By the end of the module, you will be able to apply a diverse range of material design practices to AI design, demonstrating knowledge around different modalities and their critical application. You will have critically analysed theories and frameworks in different disciplines in how they apply to AI as a design material.

On this module, you will gain an understanding of how to evaluate interactive technologies through the lens of User Experience (UX) Design. You will study a range of established and emerging UX evaluation methods, developing the ability to critically assess how technologies align with user needs, behaviours, and contextual factors in real-world environments.
Key areas of study include:
• UX evaluation frameworks and methodologies, including both formative and summative approaches.
• Heuristic evaluation, cognitive walkthroughs, and task-based usability testing.
• Quantitative and qualitative data collection techniques, such as performance metrics, satisfaction surveys, and think-aloud protocols.
• Advanced UX evaluation tools, with a particular focus on eye-tracking to explore visual attention and cognitive load.

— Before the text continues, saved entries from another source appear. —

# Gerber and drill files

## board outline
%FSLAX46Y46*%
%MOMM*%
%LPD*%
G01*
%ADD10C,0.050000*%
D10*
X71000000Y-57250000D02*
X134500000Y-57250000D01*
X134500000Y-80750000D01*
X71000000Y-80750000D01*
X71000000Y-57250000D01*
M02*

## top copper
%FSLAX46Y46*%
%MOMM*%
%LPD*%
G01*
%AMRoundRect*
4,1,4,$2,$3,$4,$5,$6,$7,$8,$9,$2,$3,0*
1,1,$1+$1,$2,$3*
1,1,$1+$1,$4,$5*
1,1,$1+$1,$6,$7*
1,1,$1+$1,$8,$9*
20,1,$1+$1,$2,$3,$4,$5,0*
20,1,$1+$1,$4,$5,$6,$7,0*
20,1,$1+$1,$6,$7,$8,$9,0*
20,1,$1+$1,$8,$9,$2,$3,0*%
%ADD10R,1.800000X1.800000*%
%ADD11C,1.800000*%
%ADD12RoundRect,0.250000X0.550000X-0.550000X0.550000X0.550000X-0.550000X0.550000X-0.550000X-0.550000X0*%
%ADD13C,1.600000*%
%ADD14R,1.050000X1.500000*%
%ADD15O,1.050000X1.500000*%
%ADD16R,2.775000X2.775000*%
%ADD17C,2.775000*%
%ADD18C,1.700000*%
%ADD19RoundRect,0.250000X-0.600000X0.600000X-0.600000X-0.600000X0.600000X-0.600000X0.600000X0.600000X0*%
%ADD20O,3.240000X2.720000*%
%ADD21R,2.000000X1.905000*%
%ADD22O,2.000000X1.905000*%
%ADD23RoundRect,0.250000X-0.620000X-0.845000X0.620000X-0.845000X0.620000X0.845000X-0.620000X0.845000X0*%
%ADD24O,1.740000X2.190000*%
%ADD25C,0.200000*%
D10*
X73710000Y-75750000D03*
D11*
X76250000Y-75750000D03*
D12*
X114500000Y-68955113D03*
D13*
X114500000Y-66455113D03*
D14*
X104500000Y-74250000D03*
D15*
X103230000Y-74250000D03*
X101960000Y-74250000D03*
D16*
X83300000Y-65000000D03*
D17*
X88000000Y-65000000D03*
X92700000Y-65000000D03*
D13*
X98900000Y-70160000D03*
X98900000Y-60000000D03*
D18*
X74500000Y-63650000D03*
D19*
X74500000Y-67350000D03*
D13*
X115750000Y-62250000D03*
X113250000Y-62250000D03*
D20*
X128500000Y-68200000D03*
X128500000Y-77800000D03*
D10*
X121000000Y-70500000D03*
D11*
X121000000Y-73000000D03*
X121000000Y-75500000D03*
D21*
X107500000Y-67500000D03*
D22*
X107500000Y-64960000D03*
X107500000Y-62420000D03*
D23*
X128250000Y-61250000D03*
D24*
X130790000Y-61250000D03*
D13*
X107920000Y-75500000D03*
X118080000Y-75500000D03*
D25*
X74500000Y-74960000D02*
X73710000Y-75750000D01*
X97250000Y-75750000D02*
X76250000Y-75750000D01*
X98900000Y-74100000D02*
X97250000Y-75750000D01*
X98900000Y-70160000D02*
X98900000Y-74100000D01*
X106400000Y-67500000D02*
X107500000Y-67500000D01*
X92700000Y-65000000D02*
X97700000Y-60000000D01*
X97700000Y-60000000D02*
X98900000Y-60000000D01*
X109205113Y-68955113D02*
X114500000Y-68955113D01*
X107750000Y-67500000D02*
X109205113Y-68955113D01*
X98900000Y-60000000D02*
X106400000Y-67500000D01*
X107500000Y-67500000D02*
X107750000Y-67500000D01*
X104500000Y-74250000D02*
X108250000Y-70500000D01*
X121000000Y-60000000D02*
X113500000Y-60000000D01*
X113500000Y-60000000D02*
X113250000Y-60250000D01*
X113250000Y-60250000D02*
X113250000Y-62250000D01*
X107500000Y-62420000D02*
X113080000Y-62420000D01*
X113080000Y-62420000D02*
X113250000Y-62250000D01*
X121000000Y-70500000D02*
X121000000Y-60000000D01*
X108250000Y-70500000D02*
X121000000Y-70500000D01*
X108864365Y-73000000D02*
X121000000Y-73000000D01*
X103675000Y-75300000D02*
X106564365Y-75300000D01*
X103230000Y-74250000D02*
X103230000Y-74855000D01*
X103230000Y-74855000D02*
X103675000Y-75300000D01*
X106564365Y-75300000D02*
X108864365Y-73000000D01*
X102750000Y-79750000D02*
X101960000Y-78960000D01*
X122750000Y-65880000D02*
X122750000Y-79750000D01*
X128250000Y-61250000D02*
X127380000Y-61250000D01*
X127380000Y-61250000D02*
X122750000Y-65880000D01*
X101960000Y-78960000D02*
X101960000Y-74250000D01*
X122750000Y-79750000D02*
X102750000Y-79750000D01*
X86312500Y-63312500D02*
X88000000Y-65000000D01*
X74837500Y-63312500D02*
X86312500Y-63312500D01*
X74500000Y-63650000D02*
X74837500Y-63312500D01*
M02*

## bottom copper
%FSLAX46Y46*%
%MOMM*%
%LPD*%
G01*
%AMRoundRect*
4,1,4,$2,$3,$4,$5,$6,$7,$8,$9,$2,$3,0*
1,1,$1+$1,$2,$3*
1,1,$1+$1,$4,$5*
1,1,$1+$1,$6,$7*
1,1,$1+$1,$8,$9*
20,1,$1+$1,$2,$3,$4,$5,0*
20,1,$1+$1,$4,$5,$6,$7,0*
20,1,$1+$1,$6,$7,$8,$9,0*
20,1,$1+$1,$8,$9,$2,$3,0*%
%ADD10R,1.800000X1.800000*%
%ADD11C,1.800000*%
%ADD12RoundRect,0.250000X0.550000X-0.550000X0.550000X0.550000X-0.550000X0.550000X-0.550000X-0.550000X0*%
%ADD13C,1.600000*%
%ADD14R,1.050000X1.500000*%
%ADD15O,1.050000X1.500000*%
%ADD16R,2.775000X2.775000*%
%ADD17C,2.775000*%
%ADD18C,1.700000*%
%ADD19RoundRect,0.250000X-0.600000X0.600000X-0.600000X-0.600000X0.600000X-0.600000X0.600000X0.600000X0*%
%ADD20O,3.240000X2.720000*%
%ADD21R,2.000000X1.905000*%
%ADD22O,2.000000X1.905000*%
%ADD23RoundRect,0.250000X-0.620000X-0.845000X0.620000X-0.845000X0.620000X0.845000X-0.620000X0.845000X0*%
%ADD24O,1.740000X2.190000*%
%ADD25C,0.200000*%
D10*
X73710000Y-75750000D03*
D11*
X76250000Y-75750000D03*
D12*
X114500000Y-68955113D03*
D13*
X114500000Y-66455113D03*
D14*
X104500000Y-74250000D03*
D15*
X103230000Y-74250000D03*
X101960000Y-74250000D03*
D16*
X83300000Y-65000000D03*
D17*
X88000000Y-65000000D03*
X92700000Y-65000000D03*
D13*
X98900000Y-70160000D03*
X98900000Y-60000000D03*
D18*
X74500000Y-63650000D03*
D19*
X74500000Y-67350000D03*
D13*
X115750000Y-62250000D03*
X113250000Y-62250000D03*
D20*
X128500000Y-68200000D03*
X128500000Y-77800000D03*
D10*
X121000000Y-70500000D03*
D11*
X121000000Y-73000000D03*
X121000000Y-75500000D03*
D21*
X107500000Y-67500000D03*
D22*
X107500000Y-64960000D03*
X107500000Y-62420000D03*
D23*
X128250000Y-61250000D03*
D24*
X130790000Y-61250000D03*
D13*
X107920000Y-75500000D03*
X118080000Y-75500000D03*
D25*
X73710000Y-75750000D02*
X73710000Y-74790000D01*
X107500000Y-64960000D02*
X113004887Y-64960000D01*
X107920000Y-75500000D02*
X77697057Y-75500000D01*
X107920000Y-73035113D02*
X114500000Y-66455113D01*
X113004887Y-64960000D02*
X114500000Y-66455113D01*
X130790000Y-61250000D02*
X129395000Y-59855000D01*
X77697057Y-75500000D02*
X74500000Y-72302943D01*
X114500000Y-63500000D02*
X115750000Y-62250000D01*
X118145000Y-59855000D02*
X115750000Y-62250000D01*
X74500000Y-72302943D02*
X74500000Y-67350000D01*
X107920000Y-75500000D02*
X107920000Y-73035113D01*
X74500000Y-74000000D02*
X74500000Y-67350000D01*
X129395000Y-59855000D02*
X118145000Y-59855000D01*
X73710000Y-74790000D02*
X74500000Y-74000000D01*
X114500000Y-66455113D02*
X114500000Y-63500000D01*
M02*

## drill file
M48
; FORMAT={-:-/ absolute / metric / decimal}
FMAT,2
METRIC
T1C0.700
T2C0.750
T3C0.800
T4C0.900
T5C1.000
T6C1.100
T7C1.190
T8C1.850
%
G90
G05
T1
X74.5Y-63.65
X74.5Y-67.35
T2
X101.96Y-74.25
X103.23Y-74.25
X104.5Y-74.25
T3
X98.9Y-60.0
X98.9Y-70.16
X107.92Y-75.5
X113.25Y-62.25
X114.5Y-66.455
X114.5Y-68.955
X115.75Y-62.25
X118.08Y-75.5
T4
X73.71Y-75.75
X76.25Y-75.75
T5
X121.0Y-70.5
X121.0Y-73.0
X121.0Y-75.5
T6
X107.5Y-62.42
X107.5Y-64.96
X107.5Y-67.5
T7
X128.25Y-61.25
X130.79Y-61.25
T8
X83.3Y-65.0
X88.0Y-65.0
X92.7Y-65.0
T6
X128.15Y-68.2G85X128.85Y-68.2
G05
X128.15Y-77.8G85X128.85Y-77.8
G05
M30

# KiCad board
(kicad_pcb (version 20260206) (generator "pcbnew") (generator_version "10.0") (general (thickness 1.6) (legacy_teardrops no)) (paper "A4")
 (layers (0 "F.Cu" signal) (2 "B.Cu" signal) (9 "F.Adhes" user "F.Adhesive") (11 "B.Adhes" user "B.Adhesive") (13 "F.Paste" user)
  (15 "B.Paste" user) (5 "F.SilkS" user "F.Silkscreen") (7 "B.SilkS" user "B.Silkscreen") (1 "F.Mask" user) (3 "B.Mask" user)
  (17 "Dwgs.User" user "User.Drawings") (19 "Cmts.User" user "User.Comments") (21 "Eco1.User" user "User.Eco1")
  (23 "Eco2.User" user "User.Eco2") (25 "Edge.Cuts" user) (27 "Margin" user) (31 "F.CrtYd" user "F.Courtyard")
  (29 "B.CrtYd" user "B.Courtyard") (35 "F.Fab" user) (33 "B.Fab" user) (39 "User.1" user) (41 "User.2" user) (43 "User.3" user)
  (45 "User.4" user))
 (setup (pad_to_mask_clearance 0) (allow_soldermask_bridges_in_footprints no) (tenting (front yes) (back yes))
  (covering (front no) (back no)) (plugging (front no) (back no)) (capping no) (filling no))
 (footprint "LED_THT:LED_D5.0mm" (layer "F.Cu") (at 73.71 75.75)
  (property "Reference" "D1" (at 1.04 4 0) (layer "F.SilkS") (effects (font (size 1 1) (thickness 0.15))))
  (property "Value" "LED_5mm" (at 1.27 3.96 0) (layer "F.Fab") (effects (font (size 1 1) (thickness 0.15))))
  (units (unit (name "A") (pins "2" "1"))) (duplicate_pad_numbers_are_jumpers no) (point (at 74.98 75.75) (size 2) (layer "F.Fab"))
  (pad "1" thru_hole rect (at 0 0) (size 1.8 1.8) (drill 0.9) (layers "*.Cu" "*.Mask") (remove_unused_layers no) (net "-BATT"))
  (pad "2" thru_hole circle (at 2.54 0) (size 1.8 1.8) (drill 0.9) (layers "*.Cu" "*.Mask") (remove_unused_layers no) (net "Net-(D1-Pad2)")))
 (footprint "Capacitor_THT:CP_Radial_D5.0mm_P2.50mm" (layer "F.Cu") (at 114.5 68.955113 90)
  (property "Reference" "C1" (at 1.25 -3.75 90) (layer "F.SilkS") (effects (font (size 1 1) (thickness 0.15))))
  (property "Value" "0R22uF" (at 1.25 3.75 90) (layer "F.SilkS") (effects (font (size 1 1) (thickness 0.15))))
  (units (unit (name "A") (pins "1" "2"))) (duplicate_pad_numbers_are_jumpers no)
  (pad "1" thru_hole roundrect (at 0 0 90) (size 1.6 1.6) (drill 0.8) (layers "*.Cu" "*.Mask") (remove_unused_layers no)
   (roundrect_rratio 0.15625) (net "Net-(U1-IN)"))
  (pad "2" thru_hole circle (at 2.5 0 90) (size 1.6 1.6) (drill 0.8) (layers "*.Cu" "*.Mask") (remove_unused_layers no) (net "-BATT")))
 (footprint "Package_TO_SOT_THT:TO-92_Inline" (layer "F.Cu") (at 104.5 74.25 180)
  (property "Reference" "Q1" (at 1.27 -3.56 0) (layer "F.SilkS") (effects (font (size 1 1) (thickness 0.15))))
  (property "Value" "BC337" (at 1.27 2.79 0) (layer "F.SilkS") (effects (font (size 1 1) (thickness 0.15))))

• The challenges of evaluating ubiquitous, wearable, and mobile technologies, including spatial, temporal, and environmental considerations.
• The role of user-centred design principles in shaping evaluation strategies.

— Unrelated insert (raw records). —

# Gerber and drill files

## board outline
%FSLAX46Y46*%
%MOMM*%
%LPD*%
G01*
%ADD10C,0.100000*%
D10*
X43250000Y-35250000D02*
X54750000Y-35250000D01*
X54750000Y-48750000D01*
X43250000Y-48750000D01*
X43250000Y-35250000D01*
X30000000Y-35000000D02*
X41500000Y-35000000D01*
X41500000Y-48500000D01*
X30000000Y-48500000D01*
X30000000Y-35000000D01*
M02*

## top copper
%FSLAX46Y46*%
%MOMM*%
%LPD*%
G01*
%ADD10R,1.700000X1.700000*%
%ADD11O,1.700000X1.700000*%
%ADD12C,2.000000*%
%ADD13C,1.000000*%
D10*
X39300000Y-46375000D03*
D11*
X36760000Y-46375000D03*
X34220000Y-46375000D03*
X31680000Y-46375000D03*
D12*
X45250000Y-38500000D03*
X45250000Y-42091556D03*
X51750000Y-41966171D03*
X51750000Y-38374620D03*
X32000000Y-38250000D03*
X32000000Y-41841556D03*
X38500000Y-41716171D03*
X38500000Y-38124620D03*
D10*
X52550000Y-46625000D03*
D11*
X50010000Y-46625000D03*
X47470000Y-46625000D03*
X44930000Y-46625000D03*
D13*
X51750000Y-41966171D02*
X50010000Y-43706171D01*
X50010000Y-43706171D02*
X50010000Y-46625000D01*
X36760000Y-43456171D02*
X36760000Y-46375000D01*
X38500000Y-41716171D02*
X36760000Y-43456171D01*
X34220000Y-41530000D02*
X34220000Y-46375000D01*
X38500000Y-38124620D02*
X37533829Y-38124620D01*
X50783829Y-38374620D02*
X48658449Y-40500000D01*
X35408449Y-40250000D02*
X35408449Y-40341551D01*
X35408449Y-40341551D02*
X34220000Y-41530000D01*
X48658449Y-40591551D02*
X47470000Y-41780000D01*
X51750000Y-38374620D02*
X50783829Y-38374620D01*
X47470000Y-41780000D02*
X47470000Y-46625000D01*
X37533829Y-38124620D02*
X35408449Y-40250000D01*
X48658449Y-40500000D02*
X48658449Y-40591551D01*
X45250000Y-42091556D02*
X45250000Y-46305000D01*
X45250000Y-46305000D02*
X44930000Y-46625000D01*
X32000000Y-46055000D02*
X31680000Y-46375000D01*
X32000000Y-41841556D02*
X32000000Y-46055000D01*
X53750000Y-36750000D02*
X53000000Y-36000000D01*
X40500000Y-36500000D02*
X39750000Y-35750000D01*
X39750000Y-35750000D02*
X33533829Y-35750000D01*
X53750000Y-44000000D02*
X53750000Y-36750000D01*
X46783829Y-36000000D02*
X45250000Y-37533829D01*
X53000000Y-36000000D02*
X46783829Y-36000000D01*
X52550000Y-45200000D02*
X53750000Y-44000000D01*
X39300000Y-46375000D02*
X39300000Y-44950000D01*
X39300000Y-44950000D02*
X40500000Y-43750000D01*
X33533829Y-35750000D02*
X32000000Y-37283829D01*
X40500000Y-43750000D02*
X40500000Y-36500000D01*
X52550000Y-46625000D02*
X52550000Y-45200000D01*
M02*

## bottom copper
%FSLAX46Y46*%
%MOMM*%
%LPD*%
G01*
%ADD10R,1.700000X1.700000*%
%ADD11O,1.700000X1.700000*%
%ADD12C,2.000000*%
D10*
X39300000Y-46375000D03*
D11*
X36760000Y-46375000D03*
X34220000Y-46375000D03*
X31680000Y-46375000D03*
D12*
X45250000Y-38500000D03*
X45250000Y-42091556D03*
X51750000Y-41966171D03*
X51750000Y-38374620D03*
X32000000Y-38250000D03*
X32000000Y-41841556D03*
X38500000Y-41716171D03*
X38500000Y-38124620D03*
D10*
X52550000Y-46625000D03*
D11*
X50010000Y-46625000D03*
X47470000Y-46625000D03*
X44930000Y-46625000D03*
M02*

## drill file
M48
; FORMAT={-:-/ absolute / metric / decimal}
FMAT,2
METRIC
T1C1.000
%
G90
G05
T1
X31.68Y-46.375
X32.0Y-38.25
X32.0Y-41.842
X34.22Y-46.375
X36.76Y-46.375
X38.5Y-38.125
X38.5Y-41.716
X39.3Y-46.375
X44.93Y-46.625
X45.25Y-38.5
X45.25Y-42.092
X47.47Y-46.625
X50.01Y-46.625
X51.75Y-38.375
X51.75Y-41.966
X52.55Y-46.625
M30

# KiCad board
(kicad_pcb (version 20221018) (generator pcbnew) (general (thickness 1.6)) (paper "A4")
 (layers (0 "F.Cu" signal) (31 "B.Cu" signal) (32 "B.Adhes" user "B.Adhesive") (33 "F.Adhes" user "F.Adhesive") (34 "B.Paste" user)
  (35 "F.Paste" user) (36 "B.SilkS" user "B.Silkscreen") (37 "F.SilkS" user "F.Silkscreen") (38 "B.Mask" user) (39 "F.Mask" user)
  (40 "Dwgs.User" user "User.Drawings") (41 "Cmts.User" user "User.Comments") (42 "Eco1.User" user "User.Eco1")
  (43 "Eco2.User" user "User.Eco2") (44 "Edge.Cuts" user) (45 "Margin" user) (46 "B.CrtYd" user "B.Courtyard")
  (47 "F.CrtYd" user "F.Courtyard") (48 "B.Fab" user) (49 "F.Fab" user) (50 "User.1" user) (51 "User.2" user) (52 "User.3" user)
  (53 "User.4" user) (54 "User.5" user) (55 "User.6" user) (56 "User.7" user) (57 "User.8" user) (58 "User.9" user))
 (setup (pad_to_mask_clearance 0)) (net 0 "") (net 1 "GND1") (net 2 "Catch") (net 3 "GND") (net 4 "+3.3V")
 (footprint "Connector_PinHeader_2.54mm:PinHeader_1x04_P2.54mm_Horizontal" (layer "F.Cu") (at 39.3 46.375 -90)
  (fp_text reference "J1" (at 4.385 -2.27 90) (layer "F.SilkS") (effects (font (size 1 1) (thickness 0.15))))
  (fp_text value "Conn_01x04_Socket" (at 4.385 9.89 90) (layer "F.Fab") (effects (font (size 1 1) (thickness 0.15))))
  (pad "1" thru_hole rect (at 0 0 270) (size 1.7 1.7) (drill 1) (layers "*.Cu" "*.Mask") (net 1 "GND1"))
  (pad "2" thru_hole oval (at 0 2.54 270) (size 1.7 1.7) (drill 1) (layers "*.Cu" "*.Mask") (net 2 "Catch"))
  (pad "3" thru_hole oval (at 0 5.08 270) (size 1.7 1.7) (drill 1) (layers "*.Cu" "*.Mask") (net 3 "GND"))
  (pad "4" thru_hole oval (at 0 7.62 270) (size 1.7 1.7) (drill 1) (layers "*.Cu" "*.Mask") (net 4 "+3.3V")))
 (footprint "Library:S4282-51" (layer "F.Cu") (at 48.25 26.558828)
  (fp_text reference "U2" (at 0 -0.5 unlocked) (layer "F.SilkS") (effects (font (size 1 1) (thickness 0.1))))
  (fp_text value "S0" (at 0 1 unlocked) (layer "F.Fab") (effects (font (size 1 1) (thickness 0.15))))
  (pad "1" thru_hole circle (at -3 11.941172 46) (size 2 2) (drill 1) (layers "*.Cu" "*.Mask") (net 1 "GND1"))
  (pad "2" thru_hole circle (at -3 15.532728 46) (size 2 2) (drill 1) (layers "*.Cu" "*.Mask") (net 4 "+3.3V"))
  (pad "3" thru_hole circle (at 3.5 15.407343 46) (size 2 2) (drill 1) (layers "*.Cu" "*.Mask") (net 2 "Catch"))
  (pad "4" thru_hole circle (at 3.5 11.815792 46) (size 2 2) (drill 1) (layers "*.Cu" "*.Mask") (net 3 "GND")))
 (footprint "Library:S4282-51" (layer "F.Cu") (at 35 26.308828)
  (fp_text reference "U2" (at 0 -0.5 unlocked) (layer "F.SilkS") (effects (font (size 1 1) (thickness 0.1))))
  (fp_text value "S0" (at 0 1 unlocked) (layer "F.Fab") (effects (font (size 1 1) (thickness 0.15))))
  (pad "1" thru_hole circle (at -3 11.941172 46) (size 2 2) (drill 1) (layers "*.Cu" "*.Mask") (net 1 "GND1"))
  (pad "2" thru_hole circle (at -3 15.532728 46) (size 2 2) (drill 1) (layers "*.Cu" "*.Mask") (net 4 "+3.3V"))
  (pad "3" thru_hole circle (at 3.5 15.407343 46) (size 2 2) (drill 1) (layers "*.Cu" "*.Mask") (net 2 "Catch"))
  (pad "4" thru_hole circle (at 3.5 11.815792 46) (size 2 2) (drill 1) (layers "*.Cu" "*.Mask") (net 3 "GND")))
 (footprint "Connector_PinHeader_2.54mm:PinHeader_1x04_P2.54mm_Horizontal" (layer "F.Cu") (at 52.55 46.625 -90)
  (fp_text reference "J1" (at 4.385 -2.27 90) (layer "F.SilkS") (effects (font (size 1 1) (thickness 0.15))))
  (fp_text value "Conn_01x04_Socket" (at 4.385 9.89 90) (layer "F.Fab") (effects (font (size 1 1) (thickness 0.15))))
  (pad "1" thru_hole rect (at 0 0 270) (size 1.7 1.7) (drill 1) (layers "*.Cu" "*.Mask") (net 1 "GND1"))
  (pad "2" thru_hole oval (at 0 2.54 270) (size 1.7 1.7) (drill 1) (layers "*.Cu" "*.Mask") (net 2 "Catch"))
  (pad "3" thru_hole oval (at 0 5.08 270) (size 1.7 1.7) (drill 1) (layers "*.Cu" "*.Mask") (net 3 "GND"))
  (pad "4" thru_hole oval (at 0 7.62 270) (size 1.7 1.7) (drill 1) (layers "*.Cu" "*.Mask") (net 4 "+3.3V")))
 (gr_rect (start 43.25 35.25) (end 54.75 48.75) (stroke (width 0.1) (type default)) (fill none) (layer "Edge.Cuts"))
 (gr_rect (start 30 35) (end 41.5 48.5) (stroke (width 0.1) (type default)) (fill none) (layer "Edge.Cuts"))
 (segment (start 51.75 41.966171) (end 50.01 43.706171) (width 1) (layer "F.Cu") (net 2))
 (segment (start 50.01 43.706171) (end 50.01 46.625) (width 1) (layer "F.Cu") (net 2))
 (segment (start 36.76 43.456171) (end 36.76 46.375) (width 1) (layer "F.Cu") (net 2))
 (segment (start 38.5 41.716171) (end 36.76 43.456171) (width 1) (layer "F.Cu") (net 2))
 (segment (start 34.22 41.53) (end 34.22 46.375) (width 1) (layer "F.Cu") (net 3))
 (segment (start 38.5 38.12462) (end 37.533829 38.12462) (width 1) (layer "F.Cu") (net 3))
 (segment (start 50.783829 38.37462) (end 48.658449 40.5) (width 1) (layer "F.Cu") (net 3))
 (segment (start 35.408449 40.25) (end 35.408449 40.341551) (width 1) (layer "F.Cu") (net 3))
 (segment (start 35.408449 40.341551) (end 34.22 41.53) (width 1) (layer "F.Cu") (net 3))
 (segment (start 48.658449 40.591551) (end 47.47 41.78) (width 1) (layer "F.Cu") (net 3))
 (segment (start 51.75 38.37462) (end 50.783829 38.37462) (width 1) (layer "F.Cu") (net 3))
 (segment (start 47.47 41.78) (end 47.47 46.625) (width 1) (layer "F.Cu") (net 3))
 (segment (start 37.533829 38.12462) (end 35.408449 40.25) (width 1) (layer "F.Cu") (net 3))
 (segment (start 48.658449 40.5) (end 48.658449 40.591551) (width 1) (layer "F.Cu") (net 3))
 (segment (start 45.25 42.091556) (end 45.25 46.305) (width 1) (layer "F.Cu") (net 4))
 (segment (start 45.25 46.305) (end 44.93 46.625) (width 1) (layer "F.Cu") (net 4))
 (segment (start 32 46.055) (end 31.68 46.375) (width 1) (layer "F.Cu") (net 4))
 (segment (start 32 41.841556) (end 32 46.055) (width 1) (layer "F.Cu") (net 4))
 (segment (start 53.75 36.75) (end 53 36) (width 1) (layer "F.Cu") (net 1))
 (segment (start 40.5 36.5) (end 39.75 35.75) (width 1) (layer "F.Cu") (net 1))
 (segment (start 39.75 35.75) (end 33.533829 35.75) (width 1) (layer "F.Cu") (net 1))
 (segment (start 53.75 44) (end 53.75 36.75) (width 1) (layer "F.Cu") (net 1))
 (segment (start 46.783829 36) (end 45.25 37.533829) (width 1) (layer "F.Cu") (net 1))
 (segment (start 53 36) (end 46.783829 36) (width 1) (layer "F.Cu") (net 1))
 (segment (start 52.55 45.2) (end 53.75 44) (width 1) (layer "F.Cu") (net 1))
 (segment (start 39.3 46.375) (end 39.3 44.95) (width 1) (layer "F.Cu") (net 1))
 (segment (start 39.3 44.95) (end 40.5 43.75) (width 1) (layer "F.Cu") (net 1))
 (segment (start 33.533829 35.75) (end 32 37.283829) (width 1) (layer "F.Cu") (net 1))
 (segment (start 40.5 43.75) (end 40.5 36.5) (width 1) (layer "F.Cu") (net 1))
 (segment (start 52.55 46.625) (end 52.55 45.2) (width 1) (layer "F.Cu") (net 1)))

• Data analysis and interpretation, enabling you to derive actionable insights and make evidence-based design recommendations.
You will apply these methods in hands-on, practical investigations, assessing real-world systems through iterative evaluations. By the end of the module, you will be equipped to conduct robust UX research, critically reflect on the evaluation process, and communicate findings effectively key competencies for professional roles in HCI, UX research, and digital product design.

This module will involve conducting a substantial individual research project relevant to your programme of study, based within the broader sphere of computer science and related disciplines. Over the course of completing this module, you will employ skills developed throughout your programme and will augment these with a variety of new skills and abilities which will allow you to complete an original research project and present the outputs of this process in both written and oral forms. This will include not only the specialist technical knowledge required to undertake innovative and rigorous research, but also a range of transferrable professional skills including communication (written and oral), literature searching and reviewing, research methods and design, project management, and personal time management. You will have guest input from external speakers from industry, to highlight and underscore how employers value these core skills as professionally valuable. During the creation of a project approval document, you will be required to engage with the University’s research ethics process and to consider any legal, societal and professional issues raised by your research project.